アシュレイヴはしばらく何も言わなかった。
ただ窓の外を見つめている。
長い沈黙だった。
やがて王は、低く息を吐く。
「やはり始まったか」
「……何が、ですか」
問い返す声は自然と小さくなる。
聞いてはいけない気がした。
けれどアシュレイヴは隠さなかった。
「北方境界の封印劣化だ」
淡々と告げられる。
まるで天気の話でもするみたいに。
だが、その内容の重さは理解できた。
「封印って……そんな簡単に壊れるものなんですか」
「簡単ではない。
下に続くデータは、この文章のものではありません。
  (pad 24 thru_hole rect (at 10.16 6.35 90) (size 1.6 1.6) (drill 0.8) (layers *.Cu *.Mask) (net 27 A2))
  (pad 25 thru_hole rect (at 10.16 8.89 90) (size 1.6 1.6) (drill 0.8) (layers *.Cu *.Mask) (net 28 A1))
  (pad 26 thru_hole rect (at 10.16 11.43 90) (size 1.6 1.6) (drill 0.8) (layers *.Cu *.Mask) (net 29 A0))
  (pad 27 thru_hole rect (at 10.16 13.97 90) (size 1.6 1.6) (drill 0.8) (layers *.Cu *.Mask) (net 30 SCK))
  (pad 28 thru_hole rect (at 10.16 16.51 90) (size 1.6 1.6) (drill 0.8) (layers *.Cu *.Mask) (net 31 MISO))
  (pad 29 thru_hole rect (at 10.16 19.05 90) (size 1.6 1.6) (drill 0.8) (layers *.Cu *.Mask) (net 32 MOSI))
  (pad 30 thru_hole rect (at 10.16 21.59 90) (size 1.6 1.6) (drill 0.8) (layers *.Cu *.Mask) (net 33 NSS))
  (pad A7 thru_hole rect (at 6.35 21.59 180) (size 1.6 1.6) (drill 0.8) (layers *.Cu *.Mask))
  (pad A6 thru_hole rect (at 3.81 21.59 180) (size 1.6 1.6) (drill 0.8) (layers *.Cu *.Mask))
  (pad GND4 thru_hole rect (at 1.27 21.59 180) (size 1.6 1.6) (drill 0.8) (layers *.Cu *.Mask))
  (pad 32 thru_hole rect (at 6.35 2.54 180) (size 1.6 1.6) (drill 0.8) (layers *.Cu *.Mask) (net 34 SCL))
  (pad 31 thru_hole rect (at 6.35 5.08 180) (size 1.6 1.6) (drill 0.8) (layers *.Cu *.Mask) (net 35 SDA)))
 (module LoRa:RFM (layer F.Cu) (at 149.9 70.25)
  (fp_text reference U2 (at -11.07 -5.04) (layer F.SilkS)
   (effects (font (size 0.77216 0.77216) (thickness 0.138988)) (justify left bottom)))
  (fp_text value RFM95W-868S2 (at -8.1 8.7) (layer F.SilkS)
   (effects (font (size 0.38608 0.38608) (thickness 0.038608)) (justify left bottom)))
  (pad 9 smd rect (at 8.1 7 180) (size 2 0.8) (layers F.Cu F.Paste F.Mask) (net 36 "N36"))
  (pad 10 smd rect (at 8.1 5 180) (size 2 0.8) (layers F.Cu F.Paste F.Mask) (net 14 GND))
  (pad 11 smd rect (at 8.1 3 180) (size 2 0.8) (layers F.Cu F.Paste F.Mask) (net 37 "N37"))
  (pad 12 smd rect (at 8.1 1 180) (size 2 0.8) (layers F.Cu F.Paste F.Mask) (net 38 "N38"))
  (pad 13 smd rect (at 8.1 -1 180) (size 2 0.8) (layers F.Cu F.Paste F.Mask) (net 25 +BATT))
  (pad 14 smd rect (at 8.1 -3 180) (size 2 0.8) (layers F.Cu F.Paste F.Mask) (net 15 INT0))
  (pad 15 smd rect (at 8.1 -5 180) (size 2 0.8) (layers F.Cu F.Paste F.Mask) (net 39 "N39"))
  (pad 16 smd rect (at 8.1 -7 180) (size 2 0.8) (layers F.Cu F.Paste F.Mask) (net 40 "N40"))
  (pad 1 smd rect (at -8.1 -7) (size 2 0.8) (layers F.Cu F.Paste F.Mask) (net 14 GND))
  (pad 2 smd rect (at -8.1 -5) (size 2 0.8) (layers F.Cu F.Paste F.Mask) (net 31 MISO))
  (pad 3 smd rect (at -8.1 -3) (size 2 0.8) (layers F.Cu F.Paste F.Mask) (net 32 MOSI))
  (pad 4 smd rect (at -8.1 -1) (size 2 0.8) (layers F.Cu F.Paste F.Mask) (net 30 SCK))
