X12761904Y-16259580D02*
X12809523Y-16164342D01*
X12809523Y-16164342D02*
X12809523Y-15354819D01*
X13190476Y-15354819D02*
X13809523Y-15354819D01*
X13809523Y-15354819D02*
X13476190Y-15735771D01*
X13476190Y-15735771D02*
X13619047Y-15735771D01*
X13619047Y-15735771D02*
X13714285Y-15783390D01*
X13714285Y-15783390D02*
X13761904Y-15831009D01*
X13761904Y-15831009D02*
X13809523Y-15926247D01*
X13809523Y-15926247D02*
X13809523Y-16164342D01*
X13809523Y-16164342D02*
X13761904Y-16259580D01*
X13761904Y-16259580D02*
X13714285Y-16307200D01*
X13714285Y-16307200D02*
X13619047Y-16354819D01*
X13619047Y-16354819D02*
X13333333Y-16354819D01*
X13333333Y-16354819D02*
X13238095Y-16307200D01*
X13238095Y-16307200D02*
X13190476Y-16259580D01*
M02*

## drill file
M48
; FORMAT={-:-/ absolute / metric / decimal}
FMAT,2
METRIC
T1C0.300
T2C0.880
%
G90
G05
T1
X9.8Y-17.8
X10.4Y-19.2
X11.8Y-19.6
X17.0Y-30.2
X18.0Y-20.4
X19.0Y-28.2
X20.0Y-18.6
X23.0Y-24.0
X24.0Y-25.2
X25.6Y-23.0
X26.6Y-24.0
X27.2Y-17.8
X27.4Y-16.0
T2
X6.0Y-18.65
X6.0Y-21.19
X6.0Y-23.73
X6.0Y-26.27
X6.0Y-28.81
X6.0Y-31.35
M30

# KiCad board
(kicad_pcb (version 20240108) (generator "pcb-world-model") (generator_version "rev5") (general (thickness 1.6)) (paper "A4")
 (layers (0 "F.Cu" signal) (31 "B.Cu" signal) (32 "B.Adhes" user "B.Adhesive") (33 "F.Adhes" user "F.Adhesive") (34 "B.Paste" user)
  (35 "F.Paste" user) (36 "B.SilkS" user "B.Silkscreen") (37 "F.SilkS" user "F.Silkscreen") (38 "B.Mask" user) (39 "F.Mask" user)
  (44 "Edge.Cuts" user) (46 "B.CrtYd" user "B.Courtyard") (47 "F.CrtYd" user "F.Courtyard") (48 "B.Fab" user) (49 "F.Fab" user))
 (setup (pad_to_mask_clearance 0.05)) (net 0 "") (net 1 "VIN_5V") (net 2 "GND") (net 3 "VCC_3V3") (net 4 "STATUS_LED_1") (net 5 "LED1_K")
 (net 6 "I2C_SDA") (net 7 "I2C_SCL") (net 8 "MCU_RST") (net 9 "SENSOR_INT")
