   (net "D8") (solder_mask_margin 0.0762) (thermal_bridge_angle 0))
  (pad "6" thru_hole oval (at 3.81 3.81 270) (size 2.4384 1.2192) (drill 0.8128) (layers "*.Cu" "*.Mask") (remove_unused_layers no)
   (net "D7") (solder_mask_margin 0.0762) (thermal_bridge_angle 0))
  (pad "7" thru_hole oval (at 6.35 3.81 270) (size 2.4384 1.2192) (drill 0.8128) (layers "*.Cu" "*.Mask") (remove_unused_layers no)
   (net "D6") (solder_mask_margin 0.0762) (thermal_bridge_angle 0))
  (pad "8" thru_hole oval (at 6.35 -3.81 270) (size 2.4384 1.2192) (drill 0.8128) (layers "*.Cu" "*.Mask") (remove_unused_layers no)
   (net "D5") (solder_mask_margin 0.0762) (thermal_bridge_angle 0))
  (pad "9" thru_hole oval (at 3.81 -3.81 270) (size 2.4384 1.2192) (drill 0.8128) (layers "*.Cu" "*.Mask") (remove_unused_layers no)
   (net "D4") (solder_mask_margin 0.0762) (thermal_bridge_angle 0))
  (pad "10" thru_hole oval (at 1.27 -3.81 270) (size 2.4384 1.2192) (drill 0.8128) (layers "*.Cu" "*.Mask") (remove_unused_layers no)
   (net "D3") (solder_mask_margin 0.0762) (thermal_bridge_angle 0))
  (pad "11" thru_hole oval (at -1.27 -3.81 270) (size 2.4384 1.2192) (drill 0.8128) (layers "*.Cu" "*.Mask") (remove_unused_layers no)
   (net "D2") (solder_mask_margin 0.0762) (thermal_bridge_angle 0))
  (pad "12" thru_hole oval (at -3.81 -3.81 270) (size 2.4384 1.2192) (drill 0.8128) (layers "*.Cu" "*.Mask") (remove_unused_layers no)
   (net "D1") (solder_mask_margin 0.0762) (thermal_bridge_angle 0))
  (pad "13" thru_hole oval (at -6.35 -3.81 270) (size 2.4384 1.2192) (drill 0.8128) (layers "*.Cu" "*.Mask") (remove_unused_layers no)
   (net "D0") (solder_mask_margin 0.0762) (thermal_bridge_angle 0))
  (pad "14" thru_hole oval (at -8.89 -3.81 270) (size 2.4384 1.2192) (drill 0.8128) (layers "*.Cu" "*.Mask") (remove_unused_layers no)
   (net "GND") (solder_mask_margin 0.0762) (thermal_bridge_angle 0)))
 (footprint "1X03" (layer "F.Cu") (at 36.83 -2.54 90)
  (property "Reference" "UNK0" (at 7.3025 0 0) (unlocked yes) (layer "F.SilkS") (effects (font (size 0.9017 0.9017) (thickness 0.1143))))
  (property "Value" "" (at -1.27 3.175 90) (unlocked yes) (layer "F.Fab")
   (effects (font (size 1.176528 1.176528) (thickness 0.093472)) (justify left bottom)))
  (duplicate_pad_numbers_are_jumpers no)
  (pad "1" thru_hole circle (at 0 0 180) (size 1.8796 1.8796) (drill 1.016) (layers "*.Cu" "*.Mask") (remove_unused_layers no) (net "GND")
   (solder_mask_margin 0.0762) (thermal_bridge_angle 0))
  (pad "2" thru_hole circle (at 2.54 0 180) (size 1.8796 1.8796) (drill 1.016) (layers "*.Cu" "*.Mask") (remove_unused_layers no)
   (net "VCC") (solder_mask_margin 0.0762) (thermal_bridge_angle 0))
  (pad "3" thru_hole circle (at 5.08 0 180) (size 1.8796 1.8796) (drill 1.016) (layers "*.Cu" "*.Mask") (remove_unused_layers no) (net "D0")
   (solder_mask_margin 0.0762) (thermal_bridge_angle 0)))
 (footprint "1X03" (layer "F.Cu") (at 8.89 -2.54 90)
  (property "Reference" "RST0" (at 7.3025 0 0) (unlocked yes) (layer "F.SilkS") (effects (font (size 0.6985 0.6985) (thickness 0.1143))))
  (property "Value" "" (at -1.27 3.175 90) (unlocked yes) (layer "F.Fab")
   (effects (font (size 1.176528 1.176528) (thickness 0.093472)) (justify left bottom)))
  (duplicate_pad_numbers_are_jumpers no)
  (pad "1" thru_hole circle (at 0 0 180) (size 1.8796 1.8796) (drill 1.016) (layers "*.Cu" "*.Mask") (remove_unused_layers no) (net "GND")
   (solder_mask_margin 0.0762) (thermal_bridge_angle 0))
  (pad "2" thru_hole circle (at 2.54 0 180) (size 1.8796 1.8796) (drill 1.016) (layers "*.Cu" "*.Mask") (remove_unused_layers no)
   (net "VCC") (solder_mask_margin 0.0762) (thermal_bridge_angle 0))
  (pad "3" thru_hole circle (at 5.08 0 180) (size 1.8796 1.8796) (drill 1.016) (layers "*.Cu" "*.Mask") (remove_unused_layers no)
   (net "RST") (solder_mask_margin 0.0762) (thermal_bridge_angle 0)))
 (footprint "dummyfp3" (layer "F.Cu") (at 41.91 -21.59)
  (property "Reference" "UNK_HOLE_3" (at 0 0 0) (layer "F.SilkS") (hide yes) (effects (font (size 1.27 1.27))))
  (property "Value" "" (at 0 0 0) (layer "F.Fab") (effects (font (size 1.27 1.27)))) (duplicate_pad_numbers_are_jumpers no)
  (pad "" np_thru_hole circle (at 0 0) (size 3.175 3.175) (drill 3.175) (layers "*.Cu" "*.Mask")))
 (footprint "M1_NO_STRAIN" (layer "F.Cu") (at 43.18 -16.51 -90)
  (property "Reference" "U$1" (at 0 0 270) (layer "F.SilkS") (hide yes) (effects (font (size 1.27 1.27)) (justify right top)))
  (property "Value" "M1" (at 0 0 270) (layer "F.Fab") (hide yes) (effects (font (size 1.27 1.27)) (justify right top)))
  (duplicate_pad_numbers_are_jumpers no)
だが永久でもない」
アシュレイヴは机へ手を置きながら続ける。
「もともと、あれは竜王の命で維持している結界だ。綻びは必ず生まれる」
「それを陛下が抑えているんですよね」
「そうだ」
静かな肯定。
その一言だけで胸が重くなる。
この人は、本当に当たり前みたいに言う。
自分が命を削っていることを。
ルカは膝の上で指を握り締めた。
「……誰か、代われないんですか」
思わず零れた言葉に、アシュレイヴはわずかに目を細めた。
「代わる?」
「だって、ずっと陛下一人が支えてるなんて、おかしいです」
「昔からそういうものだ」
「でも」
「ルカ」
静かに名前を呼ばれ、ルカは言葉を飲み込む。
怒られたわけではない。
けれど、その声には妙な重みがあった。
アシュレイヴはしばらくルカを見つめていたが、やがてぽつりと呟く。
「……お前は時々、竜より人間らしいことを言う」
「え」
「竜は役目を受け入れる生き物だ」
窓から差し込む朝光が黒髪を照らす。
その横顔はひどく静かだった。
「長く生きるほど、“自分のために生きる”という感覚が薄れる」
ルカは何も言えなかった。
その言葉はあまりにも寂しい。
何百年も生きて、戦って、守り続けて。
その果てに、自分自身を失っていくのだろうか。
だからこの人は、あんなにも静かなのかもしれない。
その時、不意に扉が叩かれた。
三回。
規則正しい音。
「入れ」
アシュレイヴが許可すると、重い扉が開く。
現れたのは、長い銀髪のエルフだった。
深緑の法衣。
透き通るような白い肌。
静かな湖を思わせる青灰色の瞳。
宮廷魔術師長、セレスフィア。
彼女は部屋へ入るなり、ちらりとルカを見た。
その瞬間、眉がわずかに動く。
「……珍しいですね」
「何がだ」
「陛下が他人を執務室へ長時間置いているのが」
さらりと言いながら、セレスフィアは机へ数枚の書簡を置いた。
そして、そのままルカを見つめる。
じっと。
観察するように。
ルカは少し居心地が悪くなった。
このエルフは苦手ではない。
むしろ優しい方だ。
けれど時々、全部見透かされている気がする。
「……ルカ」
「は、はい」
「少し魔力を見せてください」
心臓が跳ねた。
アシュレイヴの視線が静かに動く。
ルカは反射的に身構えた。
「な、なんで……」
「先ほどから精霊たちの反応が異常なんです」
言われて気付く。
確かに室内の精霊光が増えていた。
窓辺にも、書架の陰にも、小さな光が集まっている。
しかも全部、ルカの周囲だ。
ノアなど完全にご機嫌でくるくる回っている。
セレスフィアは珍しく真面目な顔をしていた。
「普通ではありません」
低い声だった。
「王宮中の精霊が、この子へ引き寄せられている」
ルカの背筋が冷える。
アシュレイヴは黙っていた。
けれどその沈黙が逆に怖い。
セレスフィアはゆっくり近付いてくると、ルカの前へ片膝をついた。
エルフ特有の細い指が、そっとルカの額へ触れる。
次の瞬間。
室内の空気が変わった。
淡い光が一斉に舞い上がる。
風が吹く。
精霊たちがざわめく。
そして、ルカの身体の奥で眠っていた何かが、微かに目を覚ました。
「……っ」
熱い。
胸の奥が。
金色の光が視界の端で揺れる。
セレスフィアの瞳が大きく見開かれた。
「これは――」
その瞬間。
部屋の奥から、低い声が落ちた。
「それ以上触れるな」
空気が凍る。
アシュレイヴだった。
静かな声音。
だが、圧倒的な威圧がある。
セレスフィアですら動きを止めた。
ルカは息を呑む。
王はゆっくり立ち上がっていた。
金色の瞳がまっすぐルカを見ている。
そして次の言葉で、ルカの心臓は完全に止まりかけた。